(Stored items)
☆ ☆ ☆

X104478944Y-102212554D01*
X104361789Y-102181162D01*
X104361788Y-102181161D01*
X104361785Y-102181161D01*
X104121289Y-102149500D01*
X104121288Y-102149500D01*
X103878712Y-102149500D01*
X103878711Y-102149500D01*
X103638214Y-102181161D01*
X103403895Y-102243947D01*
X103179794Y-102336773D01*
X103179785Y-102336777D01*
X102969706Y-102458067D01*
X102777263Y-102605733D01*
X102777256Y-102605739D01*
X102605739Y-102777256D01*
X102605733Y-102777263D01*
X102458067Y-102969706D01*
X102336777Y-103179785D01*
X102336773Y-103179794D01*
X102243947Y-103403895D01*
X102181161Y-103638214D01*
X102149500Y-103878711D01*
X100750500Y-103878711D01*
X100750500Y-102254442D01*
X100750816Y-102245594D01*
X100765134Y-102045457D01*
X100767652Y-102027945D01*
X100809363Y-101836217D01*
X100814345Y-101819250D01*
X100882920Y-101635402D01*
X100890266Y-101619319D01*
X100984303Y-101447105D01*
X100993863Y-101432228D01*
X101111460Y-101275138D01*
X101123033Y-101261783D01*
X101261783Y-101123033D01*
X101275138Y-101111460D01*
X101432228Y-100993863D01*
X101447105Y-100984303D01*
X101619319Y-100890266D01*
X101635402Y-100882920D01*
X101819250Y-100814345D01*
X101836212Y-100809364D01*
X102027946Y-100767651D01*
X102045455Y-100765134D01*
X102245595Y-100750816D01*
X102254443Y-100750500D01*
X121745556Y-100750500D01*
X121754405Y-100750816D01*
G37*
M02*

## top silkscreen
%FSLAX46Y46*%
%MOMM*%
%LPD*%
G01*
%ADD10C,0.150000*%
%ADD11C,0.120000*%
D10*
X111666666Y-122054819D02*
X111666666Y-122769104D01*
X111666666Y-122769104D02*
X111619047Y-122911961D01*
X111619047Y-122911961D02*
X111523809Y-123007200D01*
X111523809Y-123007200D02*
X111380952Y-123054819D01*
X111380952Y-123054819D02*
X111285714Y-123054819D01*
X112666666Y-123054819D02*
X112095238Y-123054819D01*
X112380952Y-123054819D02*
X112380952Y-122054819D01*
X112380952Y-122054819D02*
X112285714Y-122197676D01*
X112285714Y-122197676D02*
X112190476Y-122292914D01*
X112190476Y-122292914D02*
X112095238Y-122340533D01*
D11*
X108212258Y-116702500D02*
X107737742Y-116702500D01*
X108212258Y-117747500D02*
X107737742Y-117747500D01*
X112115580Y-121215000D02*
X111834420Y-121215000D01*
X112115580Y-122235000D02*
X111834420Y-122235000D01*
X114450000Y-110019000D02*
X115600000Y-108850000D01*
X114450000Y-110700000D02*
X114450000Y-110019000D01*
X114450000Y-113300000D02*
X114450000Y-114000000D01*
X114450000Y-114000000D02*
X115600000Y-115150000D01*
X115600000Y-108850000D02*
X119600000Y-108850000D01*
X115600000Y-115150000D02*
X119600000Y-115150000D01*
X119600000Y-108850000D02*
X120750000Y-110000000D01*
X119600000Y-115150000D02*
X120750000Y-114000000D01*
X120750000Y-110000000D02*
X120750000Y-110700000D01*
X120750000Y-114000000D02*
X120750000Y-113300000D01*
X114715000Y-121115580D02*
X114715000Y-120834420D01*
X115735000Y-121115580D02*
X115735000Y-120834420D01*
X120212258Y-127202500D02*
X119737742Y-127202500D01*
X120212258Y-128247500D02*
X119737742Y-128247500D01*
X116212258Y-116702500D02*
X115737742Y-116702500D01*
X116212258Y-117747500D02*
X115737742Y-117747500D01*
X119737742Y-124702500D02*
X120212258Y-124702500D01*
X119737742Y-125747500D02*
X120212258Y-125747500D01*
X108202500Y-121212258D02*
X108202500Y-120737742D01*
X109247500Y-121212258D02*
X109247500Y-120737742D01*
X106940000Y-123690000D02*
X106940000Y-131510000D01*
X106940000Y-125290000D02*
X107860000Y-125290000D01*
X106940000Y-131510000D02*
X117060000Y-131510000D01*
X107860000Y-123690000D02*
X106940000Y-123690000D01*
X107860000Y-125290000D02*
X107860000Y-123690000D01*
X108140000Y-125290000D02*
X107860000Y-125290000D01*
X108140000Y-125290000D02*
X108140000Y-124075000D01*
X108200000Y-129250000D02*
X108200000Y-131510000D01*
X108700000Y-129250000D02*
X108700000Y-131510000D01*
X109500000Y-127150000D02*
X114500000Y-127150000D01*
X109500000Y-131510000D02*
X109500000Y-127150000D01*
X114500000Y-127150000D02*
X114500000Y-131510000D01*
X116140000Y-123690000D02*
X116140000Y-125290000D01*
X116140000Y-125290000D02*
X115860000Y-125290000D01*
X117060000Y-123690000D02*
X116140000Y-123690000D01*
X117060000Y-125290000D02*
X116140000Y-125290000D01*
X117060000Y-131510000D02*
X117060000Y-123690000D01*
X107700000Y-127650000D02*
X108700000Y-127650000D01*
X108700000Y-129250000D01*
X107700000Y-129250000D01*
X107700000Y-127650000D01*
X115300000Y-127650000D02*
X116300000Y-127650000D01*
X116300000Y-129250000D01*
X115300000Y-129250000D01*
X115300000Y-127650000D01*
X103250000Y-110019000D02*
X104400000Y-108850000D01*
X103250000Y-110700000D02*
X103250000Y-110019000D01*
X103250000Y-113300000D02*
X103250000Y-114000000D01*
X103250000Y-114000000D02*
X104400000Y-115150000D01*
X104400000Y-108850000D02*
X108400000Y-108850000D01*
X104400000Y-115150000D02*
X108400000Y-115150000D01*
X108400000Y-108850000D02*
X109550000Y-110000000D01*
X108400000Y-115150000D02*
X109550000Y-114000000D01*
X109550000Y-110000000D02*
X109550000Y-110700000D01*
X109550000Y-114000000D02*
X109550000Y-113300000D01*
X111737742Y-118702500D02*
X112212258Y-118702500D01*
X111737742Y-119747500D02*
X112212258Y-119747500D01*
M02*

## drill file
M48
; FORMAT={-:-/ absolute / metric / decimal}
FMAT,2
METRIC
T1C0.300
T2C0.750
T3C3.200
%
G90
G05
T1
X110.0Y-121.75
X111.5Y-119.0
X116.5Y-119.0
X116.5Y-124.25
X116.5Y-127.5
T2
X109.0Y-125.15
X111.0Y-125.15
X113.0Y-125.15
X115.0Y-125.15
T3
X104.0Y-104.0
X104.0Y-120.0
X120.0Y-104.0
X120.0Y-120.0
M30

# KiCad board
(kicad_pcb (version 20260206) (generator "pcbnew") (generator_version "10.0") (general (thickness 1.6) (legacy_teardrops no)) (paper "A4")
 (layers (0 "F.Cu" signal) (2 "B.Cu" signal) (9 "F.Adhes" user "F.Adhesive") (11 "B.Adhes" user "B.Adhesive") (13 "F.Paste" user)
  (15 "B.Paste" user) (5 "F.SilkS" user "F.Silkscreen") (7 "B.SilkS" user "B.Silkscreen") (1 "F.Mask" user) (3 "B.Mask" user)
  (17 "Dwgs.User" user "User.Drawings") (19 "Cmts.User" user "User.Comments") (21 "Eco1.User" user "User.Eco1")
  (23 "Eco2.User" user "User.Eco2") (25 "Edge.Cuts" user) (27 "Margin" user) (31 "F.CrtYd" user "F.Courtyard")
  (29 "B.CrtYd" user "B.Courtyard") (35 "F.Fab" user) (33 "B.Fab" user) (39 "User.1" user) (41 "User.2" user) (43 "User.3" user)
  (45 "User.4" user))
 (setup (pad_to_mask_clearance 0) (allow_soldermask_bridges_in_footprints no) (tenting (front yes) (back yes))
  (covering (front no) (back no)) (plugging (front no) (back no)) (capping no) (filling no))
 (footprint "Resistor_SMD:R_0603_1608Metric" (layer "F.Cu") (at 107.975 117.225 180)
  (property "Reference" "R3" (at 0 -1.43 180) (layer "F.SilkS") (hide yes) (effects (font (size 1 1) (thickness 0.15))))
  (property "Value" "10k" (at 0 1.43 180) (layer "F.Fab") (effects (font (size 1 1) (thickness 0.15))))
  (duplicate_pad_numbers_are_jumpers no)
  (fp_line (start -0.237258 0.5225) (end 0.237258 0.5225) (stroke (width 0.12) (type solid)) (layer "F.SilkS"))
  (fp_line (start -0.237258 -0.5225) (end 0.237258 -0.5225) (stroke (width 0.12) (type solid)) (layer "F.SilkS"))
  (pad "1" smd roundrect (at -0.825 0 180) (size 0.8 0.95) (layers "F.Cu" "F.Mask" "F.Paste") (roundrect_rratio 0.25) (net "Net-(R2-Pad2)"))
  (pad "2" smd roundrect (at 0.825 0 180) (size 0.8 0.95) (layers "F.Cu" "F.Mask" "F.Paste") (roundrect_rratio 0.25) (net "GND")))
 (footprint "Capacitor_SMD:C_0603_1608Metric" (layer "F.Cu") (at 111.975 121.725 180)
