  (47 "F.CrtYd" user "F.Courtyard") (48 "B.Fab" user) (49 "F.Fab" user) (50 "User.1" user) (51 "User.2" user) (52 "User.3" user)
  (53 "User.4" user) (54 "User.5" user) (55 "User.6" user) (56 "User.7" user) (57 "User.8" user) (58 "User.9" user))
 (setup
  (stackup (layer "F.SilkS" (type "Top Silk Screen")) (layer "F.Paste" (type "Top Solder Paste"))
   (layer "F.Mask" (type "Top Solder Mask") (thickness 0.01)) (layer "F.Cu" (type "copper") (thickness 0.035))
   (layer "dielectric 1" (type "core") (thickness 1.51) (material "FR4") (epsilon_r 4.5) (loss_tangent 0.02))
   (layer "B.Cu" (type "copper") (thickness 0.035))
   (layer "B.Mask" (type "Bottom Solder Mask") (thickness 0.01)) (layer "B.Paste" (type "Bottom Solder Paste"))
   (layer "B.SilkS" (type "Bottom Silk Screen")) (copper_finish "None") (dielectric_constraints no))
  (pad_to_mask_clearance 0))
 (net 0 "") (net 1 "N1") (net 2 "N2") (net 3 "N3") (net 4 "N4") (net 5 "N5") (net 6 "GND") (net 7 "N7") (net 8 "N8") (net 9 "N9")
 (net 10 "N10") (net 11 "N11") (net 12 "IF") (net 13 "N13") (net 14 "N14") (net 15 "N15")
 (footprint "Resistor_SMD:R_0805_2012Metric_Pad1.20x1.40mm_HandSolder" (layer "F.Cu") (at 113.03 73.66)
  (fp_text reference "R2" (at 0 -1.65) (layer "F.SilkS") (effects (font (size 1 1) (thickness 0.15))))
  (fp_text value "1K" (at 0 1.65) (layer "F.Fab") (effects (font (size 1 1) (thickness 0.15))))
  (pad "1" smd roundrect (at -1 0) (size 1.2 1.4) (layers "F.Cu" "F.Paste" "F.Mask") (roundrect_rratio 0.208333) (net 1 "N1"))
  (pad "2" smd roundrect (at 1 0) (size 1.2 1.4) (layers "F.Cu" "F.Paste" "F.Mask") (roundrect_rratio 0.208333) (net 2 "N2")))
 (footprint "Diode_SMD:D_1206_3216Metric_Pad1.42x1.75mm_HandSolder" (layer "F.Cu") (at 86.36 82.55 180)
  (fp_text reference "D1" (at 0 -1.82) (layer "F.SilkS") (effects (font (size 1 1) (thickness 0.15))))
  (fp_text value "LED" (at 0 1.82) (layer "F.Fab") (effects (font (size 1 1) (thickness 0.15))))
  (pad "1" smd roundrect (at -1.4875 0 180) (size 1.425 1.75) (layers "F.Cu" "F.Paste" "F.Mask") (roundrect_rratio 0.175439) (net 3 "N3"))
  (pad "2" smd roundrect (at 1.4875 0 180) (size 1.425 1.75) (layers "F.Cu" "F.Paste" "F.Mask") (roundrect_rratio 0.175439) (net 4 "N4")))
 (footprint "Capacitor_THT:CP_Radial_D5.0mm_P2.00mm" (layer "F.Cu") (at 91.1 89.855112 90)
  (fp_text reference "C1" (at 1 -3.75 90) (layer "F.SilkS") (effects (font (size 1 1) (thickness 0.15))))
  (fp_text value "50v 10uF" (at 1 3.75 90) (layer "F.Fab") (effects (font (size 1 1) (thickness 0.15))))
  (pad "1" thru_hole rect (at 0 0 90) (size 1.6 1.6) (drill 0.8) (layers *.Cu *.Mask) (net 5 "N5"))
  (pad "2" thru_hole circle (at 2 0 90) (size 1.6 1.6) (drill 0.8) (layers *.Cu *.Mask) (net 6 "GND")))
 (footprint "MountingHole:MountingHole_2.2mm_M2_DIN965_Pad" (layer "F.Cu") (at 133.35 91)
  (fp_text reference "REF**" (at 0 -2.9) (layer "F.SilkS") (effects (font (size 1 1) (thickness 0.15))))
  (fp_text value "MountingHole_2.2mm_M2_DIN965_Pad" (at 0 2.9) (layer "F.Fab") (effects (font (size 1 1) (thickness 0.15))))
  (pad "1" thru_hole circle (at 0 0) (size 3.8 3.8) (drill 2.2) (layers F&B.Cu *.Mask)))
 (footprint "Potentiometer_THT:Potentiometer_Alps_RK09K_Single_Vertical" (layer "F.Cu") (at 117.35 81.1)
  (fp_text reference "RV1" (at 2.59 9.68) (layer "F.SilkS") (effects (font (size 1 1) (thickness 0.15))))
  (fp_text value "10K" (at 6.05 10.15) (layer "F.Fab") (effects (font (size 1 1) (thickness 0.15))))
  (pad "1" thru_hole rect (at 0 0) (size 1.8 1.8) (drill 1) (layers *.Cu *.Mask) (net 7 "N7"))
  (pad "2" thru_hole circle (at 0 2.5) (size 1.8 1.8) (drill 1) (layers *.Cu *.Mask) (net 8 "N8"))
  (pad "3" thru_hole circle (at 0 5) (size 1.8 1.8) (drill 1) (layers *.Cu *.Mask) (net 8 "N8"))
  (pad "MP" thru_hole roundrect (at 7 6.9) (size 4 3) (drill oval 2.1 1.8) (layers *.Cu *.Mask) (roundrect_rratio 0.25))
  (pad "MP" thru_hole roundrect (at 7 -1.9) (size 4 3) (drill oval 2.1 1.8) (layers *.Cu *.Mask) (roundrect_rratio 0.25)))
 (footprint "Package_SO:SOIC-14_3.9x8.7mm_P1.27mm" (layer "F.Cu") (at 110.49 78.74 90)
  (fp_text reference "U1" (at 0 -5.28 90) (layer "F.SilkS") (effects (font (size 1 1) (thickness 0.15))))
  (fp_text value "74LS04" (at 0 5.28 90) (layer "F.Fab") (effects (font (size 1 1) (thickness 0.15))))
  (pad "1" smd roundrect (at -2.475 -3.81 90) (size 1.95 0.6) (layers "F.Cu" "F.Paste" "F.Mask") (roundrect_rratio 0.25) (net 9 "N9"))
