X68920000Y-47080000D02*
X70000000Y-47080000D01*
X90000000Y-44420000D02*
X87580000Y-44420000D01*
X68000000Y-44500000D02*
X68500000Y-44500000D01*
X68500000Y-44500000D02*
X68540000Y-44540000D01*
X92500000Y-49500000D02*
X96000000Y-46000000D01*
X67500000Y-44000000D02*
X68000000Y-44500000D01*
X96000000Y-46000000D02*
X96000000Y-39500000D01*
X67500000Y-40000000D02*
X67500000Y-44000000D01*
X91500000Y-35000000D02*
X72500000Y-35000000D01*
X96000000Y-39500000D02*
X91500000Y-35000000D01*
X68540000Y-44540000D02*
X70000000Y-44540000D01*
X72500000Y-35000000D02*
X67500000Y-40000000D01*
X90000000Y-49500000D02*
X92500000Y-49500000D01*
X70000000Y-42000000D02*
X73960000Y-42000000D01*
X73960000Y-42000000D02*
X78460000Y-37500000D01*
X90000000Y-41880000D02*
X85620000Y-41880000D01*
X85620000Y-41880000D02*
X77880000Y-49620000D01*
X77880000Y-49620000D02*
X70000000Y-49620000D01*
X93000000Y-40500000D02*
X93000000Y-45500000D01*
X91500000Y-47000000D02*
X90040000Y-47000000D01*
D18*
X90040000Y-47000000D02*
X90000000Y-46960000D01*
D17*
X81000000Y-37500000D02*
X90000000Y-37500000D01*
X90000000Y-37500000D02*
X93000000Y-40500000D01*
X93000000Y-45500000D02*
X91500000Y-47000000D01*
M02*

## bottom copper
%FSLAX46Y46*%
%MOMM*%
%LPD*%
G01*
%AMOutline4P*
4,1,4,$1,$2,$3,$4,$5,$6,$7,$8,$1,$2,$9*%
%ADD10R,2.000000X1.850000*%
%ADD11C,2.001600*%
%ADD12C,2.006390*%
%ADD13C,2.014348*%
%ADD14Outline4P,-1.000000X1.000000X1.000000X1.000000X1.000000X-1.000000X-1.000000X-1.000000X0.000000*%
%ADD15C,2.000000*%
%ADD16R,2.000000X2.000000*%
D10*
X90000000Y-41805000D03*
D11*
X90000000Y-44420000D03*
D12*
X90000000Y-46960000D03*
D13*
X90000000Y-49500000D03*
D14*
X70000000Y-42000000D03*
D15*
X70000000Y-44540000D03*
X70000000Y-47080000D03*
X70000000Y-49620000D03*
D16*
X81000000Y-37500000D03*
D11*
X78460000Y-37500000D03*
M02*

☆ ☆ ☆

**Activity**
Given the records above, restate word for word only the lines starting at the one with "X107860000Y-123690000D02*" and ending at the one with "X108700000Y-129250000D02*".

**Reply to the task**
X107860000Y-123690000D02*
X106940000Y-123690000D01*
X107860000Y-125290000D02*
X107860000Y-123690000D01*
X108140000Y-125290000D02*
X107860000Y-125290000D01*
X108140000Y-125290000D02*
X108140000Y-124075000D01*
X108200000Y-129250000D02*
X108200000Y-131510000D01*
X108700000Y-129250000D02*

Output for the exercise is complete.